### DATA RECORDS

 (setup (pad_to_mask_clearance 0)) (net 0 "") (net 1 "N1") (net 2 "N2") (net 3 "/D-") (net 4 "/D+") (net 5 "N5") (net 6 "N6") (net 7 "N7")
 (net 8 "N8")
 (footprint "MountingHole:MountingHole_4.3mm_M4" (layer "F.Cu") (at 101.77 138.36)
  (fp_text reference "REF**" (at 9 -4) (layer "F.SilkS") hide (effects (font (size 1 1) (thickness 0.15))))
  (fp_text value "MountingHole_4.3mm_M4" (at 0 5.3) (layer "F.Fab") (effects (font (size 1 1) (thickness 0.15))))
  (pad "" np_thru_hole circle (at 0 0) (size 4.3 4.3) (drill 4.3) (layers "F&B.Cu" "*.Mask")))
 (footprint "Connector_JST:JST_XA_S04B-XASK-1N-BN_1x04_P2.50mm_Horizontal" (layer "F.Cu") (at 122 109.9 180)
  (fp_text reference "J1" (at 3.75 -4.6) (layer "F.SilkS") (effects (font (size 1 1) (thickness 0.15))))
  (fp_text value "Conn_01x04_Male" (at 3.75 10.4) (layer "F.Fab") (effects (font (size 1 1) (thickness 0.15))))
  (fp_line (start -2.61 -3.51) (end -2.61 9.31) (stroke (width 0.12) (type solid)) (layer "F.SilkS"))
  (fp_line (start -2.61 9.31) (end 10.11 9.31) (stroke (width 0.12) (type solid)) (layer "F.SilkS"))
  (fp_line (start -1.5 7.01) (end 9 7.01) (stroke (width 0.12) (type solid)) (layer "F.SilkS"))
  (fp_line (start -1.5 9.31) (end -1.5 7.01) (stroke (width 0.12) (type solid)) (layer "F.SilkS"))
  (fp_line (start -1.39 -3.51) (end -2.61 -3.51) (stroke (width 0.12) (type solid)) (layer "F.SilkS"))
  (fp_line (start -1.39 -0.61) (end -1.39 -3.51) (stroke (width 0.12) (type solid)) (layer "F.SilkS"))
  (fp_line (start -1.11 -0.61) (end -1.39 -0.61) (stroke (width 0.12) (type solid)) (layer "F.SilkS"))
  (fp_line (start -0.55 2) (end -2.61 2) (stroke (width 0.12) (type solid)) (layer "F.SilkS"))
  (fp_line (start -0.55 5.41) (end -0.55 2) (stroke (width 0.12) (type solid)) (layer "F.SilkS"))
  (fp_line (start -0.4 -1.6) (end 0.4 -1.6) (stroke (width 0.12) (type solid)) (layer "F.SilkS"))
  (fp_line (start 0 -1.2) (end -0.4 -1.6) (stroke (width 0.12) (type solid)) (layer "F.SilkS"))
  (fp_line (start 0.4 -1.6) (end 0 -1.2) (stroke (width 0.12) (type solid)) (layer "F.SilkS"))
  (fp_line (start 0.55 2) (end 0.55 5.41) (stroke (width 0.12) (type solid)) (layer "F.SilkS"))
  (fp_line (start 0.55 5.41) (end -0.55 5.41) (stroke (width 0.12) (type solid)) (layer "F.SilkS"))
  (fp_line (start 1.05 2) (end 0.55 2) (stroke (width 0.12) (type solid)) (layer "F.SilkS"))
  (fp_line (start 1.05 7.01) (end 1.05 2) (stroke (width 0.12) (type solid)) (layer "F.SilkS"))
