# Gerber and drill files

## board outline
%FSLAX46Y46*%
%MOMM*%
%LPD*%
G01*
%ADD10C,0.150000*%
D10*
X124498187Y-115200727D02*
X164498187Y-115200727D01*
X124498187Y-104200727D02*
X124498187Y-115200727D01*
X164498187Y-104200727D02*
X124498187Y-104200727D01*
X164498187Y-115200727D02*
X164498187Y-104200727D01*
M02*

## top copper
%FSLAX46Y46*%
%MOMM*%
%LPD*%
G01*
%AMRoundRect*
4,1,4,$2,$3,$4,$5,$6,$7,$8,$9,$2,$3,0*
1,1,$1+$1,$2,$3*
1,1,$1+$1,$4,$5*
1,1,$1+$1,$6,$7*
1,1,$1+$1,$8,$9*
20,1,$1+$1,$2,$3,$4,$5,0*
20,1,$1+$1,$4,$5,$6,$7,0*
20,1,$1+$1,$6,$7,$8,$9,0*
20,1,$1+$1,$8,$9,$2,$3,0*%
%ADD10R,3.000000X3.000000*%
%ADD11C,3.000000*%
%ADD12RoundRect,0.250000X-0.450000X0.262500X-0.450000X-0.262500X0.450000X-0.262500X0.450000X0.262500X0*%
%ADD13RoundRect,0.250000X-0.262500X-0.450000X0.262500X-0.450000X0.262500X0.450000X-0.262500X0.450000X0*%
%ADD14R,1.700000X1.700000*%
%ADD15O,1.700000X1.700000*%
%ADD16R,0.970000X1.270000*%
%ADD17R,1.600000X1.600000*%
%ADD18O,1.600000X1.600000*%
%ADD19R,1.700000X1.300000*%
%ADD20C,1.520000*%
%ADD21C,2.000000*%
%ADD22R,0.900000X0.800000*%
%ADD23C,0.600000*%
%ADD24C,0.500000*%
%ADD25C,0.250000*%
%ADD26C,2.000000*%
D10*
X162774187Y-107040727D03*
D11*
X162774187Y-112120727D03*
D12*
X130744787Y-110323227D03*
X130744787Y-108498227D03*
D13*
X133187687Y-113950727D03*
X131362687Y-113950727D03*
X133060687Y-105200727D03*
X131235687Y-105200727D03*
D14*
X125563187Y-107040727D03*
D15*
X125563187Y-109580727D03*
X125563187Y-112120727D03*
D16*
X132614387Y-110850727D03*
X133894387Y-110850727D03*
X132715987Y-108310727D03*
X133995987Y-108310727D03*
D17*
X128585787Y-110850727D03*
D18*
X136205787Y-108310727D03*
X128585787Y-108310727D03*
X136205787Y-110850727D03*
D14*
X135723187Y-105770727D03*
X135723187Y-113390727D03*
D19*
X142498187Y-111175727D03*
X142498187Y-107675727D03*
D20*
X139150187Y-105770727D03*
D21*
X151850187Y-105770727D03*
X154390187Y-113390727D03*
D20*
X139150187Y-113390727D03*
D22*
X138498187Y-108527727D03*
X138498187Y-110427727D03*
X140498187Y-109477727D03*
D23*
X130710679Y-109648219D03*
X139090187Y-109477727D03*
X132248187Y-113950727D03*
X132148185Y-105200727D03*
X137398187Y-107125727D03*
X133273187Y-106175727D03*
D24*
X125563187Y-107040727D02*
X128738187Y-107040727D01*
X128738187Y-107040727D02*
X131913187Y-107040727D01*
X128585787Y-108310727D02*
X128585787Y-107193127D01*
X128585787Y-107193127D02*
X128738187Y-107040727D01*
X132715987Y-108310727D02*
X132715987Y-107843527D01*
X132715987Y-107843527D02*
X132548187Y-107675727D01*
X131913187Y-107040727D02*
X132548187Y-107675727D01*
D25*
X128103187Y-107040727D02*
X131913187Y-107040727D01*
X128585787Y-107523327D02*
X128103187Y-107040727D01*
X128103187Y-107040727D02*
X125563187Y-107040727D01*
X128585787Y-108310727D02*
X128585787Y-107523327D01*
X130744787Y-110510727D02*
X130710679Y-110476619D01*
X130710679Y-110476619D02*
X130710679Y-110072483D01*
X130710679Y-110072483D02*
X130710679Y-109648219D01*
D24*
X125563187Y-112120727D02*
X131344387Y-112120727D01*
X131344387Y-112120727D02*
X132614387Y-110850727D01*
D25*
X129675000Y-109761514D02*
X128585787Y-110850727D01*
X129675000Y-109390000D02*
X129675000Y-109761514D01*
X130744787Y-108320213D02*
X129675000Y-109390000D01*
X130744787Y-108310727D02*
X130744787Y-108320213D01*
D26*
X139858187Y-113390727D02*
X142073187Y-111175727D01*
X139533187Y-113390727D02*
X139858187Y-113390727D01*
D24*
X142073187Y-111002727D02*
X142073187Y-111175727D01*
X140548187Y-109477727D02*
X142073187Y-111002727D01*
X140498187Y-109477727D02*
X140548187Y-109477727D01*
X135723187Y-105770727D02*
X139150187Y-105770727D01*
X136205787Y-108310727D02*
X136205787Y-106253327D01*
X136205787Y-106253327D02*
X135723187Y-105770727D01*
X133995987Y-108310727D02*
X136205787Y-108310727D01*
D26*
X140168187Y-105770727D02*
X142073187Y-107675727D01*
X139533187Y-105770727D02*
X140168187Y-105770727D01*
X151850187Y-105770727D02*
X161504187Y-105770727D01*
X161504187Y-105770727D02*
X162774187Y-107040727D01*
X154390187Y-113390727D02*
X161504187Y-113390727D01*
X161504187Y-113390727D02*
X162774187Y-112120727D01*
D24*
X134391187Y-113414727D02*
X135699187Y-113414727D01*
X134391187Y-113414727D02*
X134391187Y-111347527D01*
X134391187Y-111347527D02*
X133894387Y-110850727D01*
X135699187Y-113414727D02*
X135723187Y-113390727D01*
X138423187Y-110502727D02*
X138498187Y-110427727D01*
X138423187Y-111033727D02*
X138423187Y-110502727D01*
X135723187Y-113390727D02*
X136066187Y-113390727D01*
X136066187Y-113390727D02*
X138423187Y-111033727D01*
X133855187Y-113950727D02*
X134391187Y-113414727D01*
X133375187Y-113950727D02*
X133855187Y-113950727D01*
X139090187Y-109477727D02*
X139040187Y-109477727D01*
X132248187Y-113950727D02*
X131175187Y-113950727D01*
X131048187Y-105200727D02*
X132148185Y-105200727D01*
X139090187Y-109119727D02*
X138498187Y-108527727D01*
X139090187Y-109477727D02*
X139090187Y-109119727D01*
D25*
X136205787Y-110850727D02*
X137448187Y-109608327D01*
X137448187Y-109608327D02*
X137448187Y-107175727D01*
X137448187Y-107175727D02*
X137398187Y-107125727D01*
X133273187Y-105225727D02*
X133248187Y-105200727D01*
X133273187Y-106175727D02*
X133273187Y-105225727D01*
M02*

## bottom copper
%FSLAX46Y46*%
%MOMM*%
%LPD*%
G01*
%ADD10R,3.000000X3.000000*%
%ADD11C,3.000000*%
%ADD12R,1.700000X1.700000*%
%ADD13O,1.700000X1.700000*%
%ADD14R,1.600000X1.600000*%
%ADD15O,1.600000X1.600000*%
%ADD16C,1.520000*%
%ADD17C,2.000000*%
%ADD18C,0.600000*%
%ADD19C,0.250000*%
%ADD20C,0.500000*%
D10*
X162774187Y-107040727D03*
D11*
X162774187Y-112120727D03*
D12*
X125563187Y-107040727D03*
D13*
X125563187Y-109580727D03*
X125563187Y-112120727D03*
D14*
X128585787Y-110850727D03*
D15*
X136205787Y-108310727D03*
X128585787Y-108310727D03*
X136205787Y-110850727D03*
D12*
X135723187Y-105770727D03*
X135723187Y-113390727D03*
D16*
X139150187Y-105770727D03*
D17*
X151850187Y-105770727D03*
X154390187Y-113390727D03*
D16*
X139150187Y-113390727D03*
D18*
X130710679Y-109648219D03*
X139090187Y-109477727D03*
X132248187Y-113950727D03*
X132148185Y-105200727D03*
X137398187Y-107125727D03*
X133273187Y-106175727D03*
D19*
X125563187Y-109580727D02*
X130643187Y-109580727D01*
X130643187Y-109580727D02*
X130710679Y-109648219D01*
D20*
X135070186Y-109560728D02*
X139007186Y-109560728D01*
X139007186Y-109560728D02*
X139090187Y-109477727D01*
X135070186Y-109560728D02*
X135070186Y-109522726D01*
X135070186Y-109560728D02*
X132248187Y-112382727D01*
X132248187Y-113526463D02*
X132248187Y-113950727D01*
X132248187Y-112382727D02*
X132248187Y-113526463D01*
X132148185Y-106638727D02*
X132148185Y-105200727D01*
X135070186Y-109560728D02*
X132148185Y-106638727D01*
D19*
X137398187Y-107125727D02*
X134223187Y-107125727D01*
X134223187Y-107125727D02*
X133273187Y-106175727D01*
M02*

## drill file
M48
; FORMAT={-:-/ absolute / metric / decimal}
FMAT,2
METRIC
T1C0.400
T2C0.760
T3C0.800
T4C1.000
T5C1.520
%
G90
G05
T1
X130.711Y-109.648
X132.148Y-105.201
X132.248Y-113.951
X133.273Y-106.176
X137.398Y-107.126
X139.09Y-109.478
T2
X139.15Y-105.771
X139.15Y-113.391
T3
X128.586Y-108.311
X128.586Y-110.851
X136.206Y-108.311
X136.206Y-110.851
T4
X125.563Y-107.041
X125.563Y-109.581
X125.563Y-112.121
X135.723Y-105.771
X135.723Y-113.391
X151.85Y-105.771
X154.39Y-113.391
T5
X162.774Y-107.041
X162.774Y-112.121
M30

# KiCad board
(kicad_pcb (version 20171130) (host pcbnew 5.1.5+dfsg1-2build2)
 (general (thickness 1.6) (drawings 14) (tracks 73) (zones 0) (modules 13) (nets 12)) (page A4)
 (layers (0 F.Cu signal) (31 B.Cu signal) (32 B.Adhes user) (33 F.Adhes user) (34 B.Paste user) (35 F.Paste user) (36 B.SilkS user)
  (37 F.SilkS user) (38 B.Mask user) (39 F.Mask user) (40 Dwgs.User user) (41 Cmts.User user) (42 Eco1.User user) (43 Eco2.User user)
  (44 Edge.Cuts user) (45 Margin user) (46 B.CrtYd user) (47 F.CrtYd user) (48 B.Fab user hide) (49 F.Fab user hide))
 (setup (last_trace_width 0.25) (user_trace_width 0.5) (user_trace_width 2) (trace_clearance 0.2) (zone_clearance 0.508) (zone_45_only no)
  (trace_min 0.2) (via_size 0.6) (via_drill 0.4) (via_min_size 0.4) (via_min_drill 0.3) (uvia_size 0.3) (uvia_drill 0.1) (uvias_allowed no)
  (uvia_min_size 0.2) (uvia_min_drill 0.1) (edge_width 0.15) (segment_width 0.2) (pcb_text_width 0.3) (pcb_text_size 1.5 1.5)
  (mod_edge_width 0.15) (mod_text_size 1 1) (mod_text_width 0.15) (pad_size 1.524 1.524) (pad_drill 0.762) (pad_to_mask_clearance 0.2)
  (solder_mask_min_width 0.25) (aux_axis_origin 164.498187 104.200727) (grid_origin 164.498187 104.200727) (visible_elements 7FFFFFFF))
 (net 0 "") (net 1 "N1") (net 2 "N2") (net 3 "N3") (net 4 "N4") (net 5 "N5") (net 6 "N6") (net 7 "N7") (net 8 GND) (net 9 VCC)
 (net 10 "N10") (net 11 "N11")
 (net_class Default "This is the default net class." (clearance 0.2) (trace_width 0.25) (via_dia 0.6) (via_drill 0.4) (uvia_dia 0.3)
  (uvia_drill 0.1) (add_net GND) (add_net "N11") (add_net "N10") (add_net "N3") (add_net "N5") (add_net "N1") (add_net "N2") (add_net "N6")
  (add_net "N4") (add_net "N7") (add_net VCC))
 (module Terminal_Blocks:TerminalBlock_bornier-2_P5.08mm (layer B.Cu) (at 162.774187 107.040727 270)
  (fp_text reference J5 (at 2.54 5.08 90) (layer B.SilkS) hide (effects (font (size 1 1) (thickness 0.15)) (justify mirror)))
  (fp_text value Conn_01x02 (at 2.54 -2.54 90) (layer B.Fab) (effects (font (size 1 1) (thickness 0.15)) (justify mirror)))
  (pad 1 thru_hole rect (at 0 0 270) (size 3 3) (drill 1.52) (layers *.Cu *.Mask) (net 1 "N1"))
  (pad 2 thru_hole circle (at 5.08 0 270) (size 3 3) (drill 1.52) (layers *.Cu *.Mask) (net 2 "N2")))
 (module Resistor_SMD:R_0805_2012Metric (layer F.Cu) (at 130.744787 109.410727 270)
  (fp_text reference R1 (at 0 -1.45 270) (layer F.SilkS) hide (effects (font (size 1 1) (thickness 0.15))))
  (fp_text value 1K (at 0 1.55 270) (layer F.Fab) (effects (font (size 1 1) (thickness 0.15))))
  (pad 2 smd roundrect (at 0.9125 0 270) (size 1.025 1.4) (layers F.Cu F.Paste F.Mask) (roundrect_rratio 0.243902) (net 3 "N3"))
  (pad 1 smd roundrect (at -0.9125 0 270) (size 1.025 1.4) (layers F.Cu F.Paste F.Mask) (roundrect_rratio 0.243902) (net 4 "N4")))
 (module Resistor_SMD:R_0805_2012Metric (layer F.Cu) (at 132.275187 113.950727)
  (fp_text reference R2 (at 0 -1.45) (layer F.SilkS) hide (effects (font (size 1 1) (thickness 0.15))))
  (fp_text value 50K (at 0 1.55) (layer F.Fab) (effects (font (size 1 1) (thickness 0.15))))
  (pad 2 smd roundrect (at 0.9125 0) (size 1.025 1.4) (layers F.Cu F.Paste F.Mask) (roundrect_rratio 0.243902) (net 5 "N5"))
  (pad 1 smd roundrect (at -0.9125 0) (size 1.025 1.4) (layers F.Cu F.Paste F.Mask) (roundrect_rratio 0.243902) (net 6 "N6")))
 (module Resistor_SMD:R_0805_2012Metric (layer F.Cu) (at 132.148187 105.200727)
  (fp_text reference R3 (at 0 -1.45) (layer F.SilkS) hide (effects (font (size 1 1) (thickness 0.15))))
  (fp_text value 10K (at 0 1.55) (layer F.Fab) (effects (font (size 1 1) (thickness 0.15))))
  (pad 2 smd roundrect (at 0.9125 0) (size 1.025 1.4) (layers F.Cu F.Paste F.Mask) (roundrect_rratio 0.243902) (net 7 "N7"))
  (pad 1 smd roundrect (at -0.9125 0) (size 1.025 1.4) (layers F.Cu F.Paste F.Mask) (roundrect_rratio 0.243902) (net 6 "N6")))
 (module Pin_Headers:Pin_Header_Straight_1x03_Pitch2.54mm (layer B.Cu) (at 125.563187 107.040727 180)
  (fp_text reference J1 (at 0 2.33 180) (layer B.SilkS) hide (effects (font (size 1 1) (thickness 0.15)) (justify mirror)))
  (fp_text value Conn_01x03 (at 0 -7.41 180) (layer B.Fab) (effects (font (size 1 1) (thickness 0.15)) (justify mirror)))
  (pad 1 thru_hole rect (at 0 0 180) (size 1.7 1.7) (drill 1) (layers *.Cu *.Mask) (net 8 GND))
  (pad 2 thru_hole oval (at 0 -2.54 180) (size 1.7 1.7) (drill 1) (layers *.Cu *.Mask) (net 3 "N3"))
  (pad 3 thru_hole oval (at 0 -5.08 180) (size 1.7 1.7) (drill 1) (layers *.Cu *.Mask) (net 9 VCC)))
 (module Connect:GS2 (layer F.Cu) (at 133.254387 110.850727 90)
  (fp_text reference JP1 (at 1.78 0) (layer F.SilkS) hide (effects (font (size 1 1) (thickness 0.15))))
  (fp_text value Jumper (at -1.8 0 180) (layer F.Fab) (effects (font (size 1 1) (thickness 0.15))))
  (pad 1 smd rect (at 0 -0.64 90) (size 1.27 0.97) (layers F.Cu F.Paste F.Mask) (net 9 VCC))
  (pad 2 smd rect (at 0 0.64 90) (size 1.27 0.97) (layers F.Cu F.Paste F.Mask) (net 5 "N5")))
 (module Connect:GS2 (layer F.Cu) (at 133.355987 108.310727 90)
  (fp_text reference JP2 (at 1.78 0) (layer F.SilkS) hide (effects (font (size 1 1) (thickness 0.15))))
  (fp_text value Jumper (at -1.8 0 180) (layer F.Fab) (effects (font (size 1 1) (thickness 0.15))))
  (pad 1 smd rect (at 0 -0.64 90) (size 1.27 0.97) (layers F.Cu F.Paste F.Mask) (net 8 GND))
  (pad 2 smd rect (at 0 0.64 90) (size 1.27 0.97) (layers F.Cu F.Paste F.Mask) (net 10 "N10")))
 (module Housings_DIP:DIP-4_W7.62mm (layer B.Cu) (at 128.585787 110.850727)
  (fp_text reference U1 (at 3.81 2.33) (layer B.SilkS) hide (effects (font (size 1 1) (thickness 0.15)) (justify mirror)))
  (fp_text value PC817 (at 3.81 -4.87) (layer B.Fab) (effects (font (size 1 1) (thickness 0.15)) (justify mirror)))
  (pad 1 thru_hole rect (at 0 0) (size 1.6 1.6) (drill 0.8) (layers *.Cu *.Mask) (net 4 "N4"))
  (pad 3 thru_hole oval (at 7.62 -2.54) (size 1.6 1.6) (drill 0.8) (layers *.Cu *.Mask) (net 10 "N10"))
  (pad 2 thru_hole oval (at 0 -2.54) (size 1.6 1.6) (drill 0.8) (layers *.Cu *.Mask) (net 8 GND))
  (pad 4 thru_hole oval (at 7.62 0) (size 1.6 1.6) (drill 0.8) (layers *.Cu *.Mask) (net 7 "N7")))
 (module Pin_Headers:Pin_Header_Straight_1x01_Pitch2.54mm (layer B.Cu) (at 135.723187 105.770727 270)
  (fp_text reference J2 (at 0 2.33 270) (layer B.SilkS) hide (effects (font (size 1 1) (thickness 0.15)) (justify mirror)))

######

Please give an exact copy of the entries above, from the line with "(fp_line (start -0.55 2)" down to the line with "20,1,$1+$1,$2,$3,$4,$5,0*", inclusive, and nothing else.

• **OUTPUT FOR THIS TASK**
  (fp_line (start -0.55 2) (end -2.61 2) (stroke (width 0.12) (type solid)) (layer "F.SilkS"))
  (fp_line (start -0.55 5.41) (end -0.55 2) (stroke (width 0.12) (type solid)) (layer "F.SilkS"))
  (fp_line (start -0.4 -1.6) (end 0.4 -1.6) (stroke (width 0.12) (type solid)) (layer "F.SilkS"))
  (fp_line (start 0 -1.2) (end -0.4 -1.6) (stroke (width 0.12) (type solid)) (layer "F.SilkS"))
  (fp_line (start 0.4 -1.6) (end 0 -1.2) (stroke (width 0.12) (type solid)) (layer "F.SilkS"))
  (fp_line (start 0.55 2) (end 0.55 5.41) (stroke (width 0.12) (type solid)) (layer "F.SilkS"))
  (fp_line (start 0.55 5.41) (end -0.55 5.41) (stroke (width 0.12) (type solid)) (layer "F.SilkS"))
  (fp_line (start 1.05 2) (end 0.55 2) (stroke (width 0.12) (type solid)) (layer "F.SilkS"))
  (fp_line (start 1.05 7.01) (end 1.05 2) (stroke (width 0.12) (type solid)) (layer "F.SilkS"))
# Gerber and drill files

## board outline
%FSLAX46Y46*%
%MOMM*%
%LPD*%
G01*
%ADD10C,0.150000*%
D10*
X124498187Y-115200727D02*
X164498187Y-115200727D01*
X124498187Y-104200727D02*
X124498187Y-115200727D01*
X164498187Y-104200727D02*
X124498187Y-104200727D01*
X164498187Y-115200727D02*
X164498187Y-104200727D01*
M02*

## top copper
%FSLAX46Y46*%
%MOMM*%
%LPD*%
G01*
%AMRoundRect*
4,1,4,$2,$3,$4,$5,$6,$7,$8,$9,$2,$3,0*
1,1,$1+$1,$2,$3*
1,1,$1+$1,$4,$5*
1,1,$1+$1,$6,$7*
1,1,$1+$1,$8,$9*
20,1,$1+$1,$2,$3,$4,$5,0*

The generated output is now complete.